- **Problem statement**
Give back exactly the lines spanning from the one containing "(fp_line (start -1.6" to the final line of the records below, and no others.
---+---
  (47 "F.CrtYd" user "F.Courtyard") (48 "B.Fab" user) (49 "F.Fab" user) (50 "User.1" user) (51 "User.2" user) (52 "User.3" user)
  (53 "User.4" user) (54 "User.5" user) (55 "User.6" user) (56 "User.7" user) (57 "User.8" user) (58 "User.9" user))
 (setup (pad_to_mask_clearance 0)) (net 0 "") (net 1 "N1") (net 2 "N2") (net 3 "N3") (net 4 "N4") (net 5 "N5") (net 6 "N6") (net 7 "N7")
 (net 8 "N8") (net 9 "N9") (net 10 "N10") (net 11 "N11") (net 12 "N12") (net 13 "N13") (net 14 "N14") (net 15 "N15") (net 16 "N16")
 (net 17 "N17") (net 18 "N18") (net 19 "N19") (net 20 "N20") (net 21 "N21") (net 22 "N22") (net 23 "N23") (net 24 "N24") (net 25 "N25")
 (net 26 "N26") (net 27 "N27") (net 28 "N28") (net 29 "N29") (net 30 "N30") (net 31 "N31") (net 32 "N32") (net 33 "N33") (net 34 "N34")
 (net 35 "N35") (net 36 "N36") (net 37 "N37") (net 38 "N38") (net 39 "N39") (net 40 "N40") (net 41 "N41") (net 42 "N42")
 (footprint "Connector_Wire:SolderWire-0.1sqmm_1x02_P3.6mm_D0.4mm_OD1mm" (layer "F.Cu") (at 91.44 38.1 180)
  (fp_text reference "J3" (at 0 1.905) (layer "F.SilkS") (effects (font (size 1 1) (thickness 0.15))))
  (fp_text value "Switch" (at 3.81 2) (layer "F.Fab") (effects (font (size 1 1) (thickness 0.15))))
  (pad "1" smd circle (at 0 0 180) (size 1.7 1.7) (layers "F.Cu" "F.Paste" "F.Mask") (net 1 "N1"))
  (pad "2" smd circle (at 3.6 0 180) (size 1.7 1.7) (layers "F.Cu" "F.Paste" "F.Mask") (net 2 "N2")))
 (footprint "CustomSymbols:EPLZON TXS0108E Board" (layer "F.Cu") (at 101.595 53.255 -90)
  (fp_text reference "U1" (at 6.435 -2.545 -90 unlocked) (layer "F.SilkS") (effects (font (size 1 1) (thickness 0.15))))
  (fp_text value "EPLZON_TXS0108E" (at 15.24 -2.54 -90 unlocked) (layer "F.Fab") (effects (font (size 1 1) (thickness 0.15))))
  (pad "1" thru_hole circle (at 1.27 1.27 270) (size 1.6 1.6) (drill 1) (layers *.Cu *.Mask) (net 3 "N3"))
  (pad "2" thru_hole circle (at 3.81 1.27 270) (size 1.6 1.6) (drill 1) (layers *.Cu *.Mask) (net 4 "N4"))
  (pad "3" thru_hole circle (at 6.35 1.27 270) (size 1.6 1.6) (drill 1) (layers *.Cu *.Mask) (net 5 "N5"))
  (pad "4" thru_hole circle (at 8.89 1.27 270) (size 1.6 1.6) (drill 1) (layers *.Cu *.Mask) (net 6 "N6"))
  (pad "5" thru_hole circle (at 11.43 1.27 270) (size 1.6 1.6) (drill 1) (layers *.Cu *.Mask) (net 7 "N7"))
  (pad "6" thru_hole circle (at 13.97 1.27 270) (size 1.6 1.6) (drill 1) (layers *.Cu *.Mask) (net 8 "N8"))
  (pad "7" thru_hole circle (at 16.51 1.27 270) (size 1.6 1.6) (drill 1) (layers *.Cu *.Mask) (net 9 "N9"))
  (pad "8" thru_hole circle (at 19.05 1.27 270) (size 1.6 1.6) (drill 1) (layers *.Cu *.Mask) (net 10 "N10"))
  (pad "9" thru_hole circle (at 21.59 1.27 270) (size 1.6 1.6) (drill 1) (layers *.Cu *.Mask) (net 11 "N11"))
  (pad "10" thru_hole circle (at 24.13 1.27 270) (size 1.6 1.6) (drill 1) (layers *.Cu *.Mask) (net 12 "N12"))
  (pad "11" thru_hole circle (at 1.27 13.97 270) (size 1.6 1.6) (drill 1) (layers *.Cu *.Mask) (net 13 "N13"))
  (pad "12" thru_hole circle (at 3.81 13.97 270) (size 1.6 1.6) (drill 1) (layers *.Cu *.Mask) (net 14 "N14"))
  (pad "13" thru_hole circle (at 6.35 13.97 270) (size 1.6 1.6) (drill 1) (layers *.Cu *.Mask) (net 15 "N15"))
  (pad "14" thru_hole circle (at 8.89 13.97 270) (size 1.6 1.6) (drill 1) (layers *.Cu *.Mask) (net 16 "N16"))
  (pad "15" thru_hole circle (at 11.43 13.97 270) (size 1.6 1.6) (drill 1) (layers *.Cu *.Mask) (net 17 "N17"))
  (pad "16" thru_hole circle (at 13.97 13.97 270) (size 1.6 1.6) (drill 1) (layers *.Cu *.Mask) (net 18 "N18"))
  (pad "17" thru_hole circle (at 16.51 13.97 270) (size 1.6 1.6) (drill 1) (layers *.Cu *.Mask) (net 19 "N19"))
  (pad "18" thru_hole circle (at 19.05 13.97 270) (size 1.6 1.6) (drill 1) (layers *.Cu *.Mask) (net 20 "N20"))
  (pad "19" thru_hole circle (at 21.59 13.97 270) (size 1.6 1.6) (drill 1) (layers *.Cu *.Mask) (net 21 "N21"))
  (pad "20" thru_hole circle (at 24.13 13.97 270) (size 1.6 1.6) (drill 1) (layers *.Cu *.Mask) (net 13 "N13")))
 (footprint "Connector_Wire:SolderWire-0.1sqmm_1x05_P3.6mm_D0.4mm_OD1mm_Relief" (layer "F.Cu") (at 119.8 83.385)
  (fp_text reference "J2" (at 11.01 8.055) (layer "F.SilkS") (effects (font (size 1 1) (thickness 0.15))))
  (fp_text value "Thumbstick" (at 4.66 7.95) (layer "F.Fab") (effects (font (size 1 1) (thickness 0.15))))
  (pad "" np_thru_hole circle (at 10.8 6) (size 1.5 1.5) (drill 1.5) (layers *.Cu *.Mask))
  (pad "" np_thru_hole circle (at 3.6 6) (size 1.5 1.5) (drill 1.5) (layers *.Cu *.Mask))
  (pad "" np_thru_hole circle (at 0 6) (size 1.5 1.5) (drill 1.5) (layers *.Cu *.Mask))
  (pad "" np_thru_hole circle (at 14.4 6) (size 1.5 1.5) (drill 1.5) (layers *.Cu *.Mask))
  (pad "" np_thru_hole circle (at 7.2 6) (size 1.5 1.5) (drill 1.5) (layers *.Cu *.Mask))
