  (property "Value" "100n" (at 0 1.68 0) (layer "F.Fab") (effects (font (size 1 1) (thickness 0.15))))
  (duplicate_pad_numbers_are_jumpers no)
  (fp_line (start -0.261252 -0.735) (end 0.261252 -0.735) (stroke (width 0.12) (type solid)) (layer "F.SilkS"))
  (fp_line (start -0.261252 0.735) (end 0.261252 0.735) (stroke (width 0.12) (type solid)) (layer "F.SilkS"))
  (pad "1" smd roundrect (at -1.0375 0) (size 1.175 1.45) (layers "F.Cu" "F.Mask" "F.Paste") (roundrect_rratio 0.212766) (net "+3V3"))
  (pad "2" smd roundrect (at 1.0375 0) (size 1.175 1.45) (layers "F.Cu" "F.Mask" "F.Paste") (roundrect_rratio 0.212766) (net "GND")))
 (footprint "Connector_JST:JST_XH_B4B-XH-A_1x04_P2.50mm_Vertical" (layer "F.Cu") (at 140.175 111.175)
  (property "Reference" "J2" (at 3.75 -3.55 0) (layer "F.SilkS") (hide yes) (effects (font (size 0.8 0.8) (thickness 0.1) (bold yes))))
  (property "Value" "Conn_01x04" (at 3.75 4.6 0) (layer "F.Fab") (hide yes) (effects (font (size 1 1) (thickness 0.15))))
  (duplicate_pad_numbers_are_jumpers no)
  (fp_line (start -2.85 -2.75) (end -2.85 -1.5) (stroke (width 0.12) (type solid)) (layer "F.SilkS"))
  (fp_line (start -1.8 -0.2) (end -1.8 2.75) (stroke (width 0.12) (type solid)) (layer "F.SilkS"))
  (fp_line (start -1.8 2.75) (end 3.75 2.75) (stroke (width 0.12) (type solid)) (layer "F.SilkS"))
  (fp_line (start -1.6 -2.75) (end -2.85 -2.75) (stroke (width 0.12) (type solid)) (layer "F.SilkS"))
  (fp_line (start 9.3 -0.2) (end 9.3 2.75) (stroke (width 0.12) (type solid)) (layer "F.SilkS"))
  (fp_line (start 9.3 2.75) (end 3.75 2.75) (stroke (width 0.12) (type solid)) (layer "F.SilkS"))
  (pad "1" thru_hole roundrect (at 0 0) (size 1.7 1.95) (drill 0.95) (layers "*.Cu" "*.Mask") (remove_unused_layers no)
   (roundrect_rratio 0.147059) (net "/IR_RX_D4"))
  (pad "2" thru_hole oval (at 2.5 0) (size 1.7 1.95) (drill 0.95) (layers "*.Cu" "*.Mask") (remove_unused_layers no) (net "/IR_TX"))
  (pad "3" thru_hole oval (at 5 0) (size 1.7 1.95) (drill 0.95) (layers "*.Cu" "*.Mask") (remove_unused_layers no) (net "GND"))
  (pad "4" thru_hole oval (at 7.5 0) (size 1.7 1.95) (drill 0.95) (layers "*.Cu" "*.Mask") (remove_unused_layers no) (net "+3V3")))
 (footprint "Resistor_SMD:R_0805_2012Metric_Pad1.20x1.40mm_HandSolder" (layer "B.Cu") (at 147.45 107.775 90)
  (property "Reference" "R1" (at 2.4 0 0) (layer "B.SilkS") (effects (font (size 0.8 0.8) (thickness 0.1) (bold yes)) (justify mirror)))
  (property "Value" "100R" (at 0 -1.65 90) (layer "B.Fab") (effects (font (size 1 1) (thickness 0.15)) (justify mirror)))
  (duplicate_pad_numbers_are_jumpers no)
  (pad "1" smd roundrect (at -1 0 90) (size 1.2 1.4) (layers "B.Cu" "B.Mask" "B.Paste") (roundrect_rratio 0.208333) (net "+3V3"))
---+---
- **Solution**
  (fp_line (start -1.6 -2.75) (end -2.85 -2.75) (stroke (width 0.12) (type solid)) (layer "F.SilkS"))
  (fp_line (start 9.3 -0.2) (end 9.3 2.75) (stroke (width 0.12) (type solid)) (layer "F.SilkS"))
  (fp_line (start 9.3 2.75) (end 3.75 2.75) (stroke (width 0.12) (type solid)) (layer "F.SilkS"))
  (pad "1" thru_hole roundrect (at 0 0) (size 1.7 1.95) (drill 0.95) (layers "*.Cu" "*.Mask") (remove_unused_layers no)
   (roundrect_rratio 0.147059) (net "/IR_RX_D4"))
  (pad "2" thru_hole oval (at 2.5 0) (size 1.7 1.95) (drill 0.95) (layers "*.Cu" "*.Mask") (remove_unused_layers no) (net "/IR_TX"))
  (pad "3" thru_hole oval (at 5 0) (size 1.7 1.95) (drill 0.95) (layers "*.Cu" "*.Mask") (remove_unused_layers no) (net "GND"))
  (pad "4" thru_hole oval (at 7.5 0) (size 1.7 1.95) (drill 0.95) (layers "*.Cu" "*.Mask") (remove_unused_layers no) (net "+3V3")))
 (footprint "Resistor_SMD:R_0805_2012Metric_Pad1.20x1.40mm_HandSolder" (layer "B.Cu") (at 147.45 107.775 90)
  (property "Reference" "R1" (at 2.4 0 0) (layer "B.SilkS") (effects (font (size 0.8 0.8) (thickness 0.1) (bold yes)) (justify mirror)))
  (property "Value" "100R" (at 0 -1.65 90) (layer "B.Fab") (effects (font (size 1 1) (thickness 0.15)) (justify mirror)))
  (duplicate_pad_numbers_are_jumpers no)
  (pad "1" smd roundrect (at -1 0 90) (size 1.2 1.4) (layers "B.Cu" "B.Mask" "B.Paste") (roundrect_rratio 0.208333) (net "+3V3"))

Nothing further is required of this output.